→ **Action item**
Among the lines below, list those containing the string "CrtYd".

→ **Listed entries**
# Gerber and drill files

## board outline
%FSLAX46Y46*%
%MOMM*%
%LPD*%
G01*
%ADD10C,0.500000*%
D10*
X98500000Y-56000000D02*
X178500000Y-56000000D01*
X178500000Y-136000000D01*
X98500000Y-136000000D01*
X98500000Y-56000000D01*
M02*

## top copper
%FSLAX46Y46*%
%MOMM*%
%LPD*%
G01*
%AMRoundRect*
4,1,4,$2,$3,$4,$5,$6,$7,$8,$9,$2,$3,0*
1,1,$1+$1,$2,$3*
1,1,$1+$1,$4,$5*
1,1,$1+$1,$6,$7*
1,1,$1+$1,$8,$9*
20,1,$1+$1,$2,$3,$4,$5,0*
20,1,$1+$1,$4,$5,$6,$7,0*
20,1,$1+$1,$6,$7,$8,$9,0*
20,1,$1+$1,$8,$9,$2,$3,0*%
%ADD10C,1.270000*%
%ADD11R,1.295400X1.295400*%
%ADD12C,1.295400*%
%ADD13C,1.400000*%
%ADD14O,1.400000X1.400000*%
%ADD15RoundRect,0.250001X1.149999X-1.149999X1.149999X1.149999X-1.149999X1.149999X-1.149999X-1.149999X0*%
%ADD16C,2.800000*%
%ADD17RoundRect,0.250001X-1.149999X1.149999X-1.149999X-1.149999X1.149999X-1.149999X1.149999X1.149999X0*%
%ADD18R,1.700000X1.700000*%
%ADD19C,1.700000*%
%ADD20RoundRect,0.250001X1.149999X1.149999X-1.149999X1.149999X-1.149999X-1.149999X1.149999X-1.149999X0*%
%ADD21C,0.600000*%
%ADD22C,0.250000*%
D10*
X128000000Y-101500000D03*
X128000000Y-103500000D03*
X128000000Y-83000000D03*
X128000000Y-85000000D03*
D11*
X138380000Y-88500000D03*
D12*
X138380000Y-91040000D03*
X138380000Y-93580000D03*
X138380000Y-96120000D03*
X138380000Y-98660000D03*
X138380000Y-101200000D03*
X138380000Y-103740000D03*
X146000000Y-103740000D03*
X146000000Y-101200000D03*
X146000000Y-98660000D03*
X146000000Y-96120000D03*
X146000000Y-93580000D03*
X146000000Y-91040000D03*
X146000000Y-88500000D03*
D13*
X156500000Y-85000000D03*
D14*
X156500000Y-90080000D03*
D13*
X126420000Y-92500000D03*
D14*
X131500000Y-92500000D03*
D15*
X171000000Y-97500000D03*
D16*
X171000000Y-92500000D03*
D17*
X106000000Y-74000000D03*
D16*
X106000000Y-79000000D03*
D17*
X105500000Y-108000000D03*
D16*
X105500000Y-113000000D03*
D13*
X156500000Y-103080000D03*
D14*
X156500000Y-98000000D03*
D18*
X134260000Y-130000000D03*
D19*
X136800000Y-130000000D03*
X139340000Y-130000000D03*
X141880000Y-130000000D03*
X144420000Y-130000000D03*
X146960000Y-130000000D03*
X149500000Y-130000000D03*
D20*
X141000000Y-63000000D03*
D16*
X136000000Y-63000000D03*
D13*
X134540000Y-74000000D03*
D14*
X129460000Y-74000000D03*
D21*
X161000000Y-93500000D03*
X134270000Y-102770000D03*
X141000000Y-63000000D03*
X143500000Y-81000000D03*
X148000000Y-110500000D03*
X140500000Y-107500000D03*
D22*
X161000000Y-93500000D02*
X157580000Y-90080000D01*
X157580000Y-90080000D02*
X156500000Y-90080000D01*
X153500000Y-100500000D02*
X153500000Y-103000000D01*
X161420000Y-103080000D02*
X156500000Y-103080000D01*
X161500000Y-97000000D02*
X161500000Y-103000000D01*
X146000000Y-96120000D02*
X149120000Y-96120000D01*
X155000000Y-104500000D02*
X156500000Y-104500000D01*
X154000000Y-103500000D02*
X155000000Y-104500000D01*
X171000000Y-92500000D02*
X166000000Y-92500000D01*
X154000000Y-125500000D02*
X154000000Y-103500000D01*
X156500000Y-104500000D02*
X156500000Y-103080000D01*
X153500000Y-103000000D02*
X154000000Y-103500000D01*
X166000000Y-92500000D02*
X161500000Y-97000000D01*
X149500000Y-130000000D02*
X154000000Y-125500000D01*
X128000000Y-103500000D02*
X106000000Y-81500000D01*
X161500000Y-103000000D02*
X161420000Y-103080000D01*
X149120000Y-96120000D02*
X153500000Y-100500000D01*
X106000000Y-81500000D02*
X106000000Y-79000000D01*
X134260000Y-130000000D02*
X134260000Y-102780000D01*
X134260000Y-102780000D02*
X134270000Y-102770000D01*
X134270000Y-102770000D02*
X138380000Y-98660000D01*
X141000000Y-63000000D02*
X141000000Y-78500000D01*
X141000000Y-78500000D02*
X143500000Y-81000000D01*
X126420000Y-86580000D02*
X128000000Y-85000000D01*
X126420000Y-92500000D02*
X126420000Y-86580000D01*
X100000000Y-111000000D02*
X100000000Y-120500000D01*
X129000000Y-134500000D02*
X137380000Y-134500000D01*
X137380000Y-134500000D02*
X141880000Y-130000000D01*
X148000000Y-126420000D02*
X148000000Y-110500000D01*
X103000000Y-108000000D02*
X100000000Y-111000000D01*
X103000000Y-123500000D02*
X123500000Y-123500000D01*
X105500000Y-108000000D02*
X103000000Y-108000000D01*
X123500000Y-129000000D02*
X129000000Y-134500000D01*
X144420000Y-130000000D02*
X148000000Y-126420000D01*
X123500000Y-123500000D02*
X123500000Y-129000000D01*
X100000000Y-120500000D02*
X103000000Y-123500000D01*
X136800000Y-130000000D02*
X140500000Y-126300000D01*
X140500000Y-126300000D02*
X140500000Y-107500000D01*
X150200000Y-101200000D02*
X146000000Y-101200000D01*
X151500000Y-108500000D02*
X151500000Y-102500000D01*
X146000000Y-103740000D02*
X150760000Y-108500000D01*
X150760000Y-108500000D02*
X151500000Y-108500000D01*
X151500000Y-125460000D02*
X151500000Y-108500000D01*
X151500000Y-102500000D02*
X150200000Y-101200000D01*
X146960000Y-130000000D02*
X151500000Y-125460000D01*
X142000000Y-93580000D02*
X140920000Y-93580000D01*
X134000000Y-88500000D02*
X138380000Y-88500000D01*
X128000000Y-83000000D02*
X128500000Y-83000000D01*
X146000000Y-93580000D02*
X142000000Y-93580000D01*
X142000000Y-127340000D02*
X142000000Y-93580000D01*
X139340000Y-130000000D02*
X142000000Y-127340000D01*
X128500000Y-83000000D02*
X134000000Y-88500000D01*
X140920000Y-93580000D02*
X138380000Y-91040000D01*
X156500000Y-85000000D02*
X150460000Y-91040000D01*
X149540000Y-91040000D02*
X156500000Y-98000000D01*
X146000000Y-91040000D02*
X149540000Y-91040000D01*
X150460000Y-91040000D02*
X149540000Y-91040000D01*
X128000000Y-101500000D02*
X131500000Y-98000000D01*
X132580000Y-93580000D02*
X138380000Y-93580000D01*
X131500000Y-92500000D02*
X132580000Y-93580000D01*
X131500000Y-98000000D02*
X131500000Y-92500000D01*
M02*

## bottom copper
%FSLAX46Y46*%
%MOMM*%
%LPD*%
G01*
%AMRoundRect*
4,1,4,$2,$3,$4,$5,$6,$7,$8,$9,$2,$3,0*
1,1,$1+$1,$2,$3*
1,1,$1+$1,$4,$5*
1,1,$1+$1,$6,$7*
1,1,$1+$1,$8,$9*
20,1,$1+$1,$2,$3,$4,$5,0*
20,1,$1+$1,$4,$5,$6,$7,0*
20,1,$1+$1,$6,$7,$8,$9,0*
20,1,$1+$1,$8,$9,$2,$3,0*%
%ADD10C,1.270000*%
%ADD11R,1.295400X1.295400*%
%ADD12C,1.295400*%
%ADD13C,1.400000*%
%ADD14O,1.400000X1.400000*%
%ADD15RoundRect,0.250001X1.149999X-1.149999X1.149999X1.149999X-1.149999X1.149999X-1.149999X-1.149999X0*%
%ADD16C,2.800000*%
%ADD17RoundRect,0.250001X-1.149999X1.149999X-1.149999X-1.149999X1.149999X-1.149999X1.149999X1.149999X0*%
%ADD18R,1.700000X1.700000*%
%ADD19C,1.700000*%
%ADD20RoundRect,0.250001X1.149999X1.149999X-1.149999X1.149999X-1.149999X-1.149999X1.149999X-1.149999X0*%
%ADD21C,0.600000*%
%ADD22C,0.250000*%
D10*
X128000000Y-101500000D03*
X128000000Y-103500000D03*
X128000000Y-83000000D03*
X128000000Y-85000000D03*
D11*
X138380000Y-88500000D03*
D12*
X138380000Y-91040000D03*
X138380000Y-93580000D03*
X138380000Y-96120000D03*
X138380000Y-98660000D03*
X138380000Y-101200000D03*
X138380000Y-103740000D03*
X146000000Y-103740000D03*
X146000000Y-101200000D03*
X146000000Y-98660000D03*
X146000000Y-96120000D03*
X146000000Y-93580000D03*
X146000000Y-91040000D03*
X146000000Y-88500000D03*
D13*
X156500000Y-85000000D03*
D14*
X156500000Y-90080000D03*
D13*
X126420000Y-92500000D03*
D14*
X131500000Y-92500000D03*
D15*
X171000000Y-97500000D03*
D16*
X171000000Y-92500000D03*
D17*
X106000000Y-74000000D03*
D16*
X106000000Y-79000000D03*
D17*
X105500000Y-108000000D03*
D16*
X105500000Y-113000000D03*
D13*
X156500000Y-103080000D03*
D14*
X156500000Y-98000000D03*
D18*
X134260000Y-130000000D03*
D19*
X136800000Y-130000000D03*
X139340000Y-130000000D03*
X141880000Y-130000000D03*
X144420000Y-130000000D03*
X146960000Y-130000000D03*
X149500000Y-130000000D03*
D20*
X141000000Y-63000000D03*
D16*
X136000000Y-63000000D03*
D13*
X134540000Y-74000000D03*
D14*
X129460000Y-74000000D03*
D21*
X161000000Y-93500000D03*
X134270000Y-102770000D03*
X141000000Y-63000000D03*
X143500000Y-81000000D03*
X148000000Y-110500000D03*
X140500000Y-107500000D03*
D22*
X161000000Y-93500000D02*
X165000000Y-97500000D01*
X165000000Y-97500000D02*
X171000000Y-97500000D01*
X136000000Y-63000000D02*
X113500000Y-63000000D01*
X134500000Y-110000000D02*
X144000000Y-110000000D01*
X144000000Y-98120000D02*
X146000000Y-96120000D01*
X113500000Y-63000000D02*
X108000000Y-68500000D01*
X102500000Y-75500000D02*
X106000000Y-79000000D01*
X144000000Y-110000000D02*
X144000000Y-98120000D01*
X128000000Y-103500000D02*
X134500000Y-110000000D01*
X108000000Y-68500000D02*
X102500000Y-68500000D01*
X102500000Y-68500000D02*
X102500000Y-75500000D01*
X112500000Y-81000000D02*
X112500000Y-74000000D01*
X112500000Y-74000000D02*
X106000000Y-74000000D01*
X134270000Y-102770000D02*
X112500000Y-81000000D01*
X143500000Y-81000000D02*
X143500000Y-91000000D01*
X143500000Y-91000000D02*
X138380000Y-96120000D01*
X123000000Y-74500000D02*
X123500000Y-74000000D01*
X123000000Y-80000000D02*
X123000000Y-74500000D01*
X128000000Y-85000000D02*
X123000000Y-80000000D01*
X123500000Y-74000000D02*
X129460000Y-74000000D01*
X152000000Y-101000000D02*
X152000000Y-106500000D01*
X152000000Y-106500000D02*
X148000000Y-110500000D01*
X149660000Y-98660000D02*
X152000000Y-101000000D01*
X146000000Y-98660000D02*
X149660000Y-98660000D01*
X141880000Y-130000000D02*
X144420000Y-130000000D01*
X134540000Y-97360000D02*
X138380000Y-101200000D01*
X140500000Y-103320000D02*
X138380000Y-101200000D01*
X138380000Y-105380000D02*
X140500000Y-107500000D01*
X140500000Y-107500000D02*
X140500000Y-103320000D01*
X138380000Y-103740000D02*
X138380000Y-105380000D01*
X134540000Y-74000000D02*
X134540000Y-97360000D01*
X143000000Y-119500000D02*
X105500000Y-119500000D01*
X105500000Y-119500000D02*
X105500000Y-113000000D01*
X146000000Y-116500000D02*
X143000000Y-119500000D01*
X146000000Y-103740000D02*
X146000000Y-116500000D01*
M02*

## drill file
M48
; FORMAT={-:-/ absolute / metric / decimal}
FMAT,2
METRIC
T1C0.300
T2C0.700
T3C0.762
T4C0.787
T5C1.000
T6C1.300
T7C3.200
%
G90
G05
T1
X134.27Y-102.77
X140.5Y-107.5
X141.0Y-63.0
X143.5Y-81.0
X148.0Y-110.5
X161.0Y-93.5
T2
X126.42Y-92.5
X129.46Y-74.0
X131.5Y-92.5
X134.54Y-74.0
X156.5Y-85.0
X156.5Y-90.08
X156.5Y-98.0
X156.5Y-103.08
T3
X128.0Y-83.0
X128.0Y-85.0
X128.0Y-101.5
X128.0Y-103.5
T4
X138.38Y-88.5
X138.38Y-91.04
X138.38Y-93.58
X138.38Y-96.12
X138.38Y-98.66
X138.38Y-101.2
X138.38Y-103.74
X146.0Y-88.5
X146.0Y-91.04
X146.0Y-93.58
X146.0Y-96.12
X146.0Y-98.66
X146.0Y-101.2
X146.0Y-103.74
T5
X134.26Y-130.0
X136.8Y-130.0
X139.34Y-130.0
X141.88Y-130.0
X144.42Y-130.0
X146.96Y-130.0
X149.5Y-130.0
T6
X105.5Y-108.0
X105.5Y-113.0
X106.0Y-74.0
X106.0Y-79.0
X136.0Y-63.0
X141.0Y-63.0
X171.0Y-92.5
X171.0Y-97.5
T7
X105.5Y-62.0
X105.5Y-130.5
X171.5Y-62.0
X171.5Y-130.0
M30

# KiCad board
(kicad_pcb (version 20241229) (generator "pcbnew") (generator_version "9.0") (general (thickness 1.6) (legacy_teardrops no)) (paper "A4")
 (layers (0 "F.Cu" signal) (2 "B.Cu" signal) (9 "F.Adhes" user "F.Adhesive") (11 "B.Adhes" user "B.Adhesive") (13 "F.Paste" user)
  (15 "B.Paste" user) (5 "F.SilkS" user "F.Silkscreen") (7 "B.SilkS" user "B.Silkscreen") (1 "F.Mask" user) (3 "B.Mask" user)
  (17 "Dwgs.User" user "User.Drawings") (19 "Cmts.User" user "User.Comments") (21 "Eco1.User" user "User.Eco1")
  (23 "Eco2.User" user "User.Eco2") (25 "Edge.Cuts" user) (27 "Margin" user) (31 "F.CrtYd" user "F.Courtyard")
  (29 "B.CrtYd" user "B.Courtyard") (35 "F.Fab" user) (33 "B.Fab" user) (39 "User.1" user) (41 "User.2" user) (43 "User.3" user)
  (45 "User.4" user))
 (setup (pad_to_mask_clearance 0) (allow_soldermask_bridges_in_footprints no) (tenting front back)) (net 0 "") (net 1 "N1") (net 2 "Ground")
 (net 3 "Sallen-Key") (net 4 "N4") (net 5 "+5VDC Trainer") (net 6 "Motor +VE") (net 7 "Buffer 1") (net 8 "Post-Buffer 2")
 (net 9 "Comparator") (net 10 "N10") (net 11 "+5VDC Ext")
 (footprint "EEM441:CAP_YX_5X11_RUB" (layer "F.Cu") (at 128 101.5 -90)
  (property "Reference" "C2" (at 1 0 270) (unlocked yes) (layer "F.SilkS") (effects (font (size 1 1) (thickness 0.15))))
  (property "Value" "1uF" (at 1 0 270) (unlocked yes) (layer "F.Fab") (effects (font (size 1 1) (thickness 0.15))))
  (pad "1" thru_hole circle (at 0 0 270) (size 1.27 1.27) (drill 0.762) (layers "*.Cu" "*.Mask") (remove_unused_layers no) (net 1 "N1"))
  (pad "2" thru_hole circle (at 2 0 270) (size 1.27 1.27) (drill 0.762) (layers "*.Cu" "*.Mask") (remove_unused_layers no) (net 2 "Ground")))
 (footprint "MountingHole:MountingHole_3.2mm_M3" (layer "F.Cu") (at 105.5 62)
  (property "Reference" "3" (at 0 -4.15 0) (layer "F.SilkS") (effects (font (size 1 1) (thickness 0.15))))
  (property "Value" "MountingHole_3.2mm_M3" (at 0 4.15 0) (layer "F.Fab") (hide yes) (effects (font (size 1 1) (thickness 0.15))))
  (pad "" np_thru_hole circle (at 0 0) (size 3.2 3.2) (drill 3.2) (layers "*.Cu" "*.Mask")))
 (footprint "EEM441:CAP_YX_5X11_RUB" (layer "F.Cu") (at 128 83 -90)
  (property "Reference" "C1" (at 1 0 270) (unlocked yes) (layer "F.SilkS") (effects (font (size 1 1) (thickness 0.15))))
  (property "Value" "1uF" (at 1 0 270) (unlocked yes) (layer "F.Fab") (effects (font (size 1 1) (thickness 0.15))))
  (pad "1" thru_hole circle (at 0 0 270) (size 1.27 1.27) (drill 0.762) (layers "*.Cu" "*.Mask") (remove_unused_layers no)
   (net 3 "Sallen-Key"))
  (pad "2" thru_hole circle (at 2 0 270) (size 1.27 1.27) (drill 0.762) (layers "*.Cu" "*.Mask") (remove_unused_layers no) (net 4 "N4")))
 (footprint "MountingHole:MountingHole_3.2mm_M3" (layer "F.Cu") (at 105.5 130.5)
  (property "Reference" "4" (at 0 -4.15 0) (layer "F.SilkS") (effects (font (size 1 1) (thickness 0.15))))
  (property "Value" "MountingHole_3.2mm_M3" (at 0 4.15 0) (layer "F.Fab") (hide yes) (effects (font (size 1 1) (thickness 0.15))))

→ **Response box**
  (23 "Eco2.User" user "User.Eco2") (25 "Edge.Cuts" user) (27 "Margin" user) (31 "F.CrtYd" user "F.Courtyard")
  (29 "B.CrtYd" user "B.Courtyard") (35 "F.Fab" user) (33 "B.Fab" user) (39 "User.1" user) (41 "User.2" user) (43 "User.3" user)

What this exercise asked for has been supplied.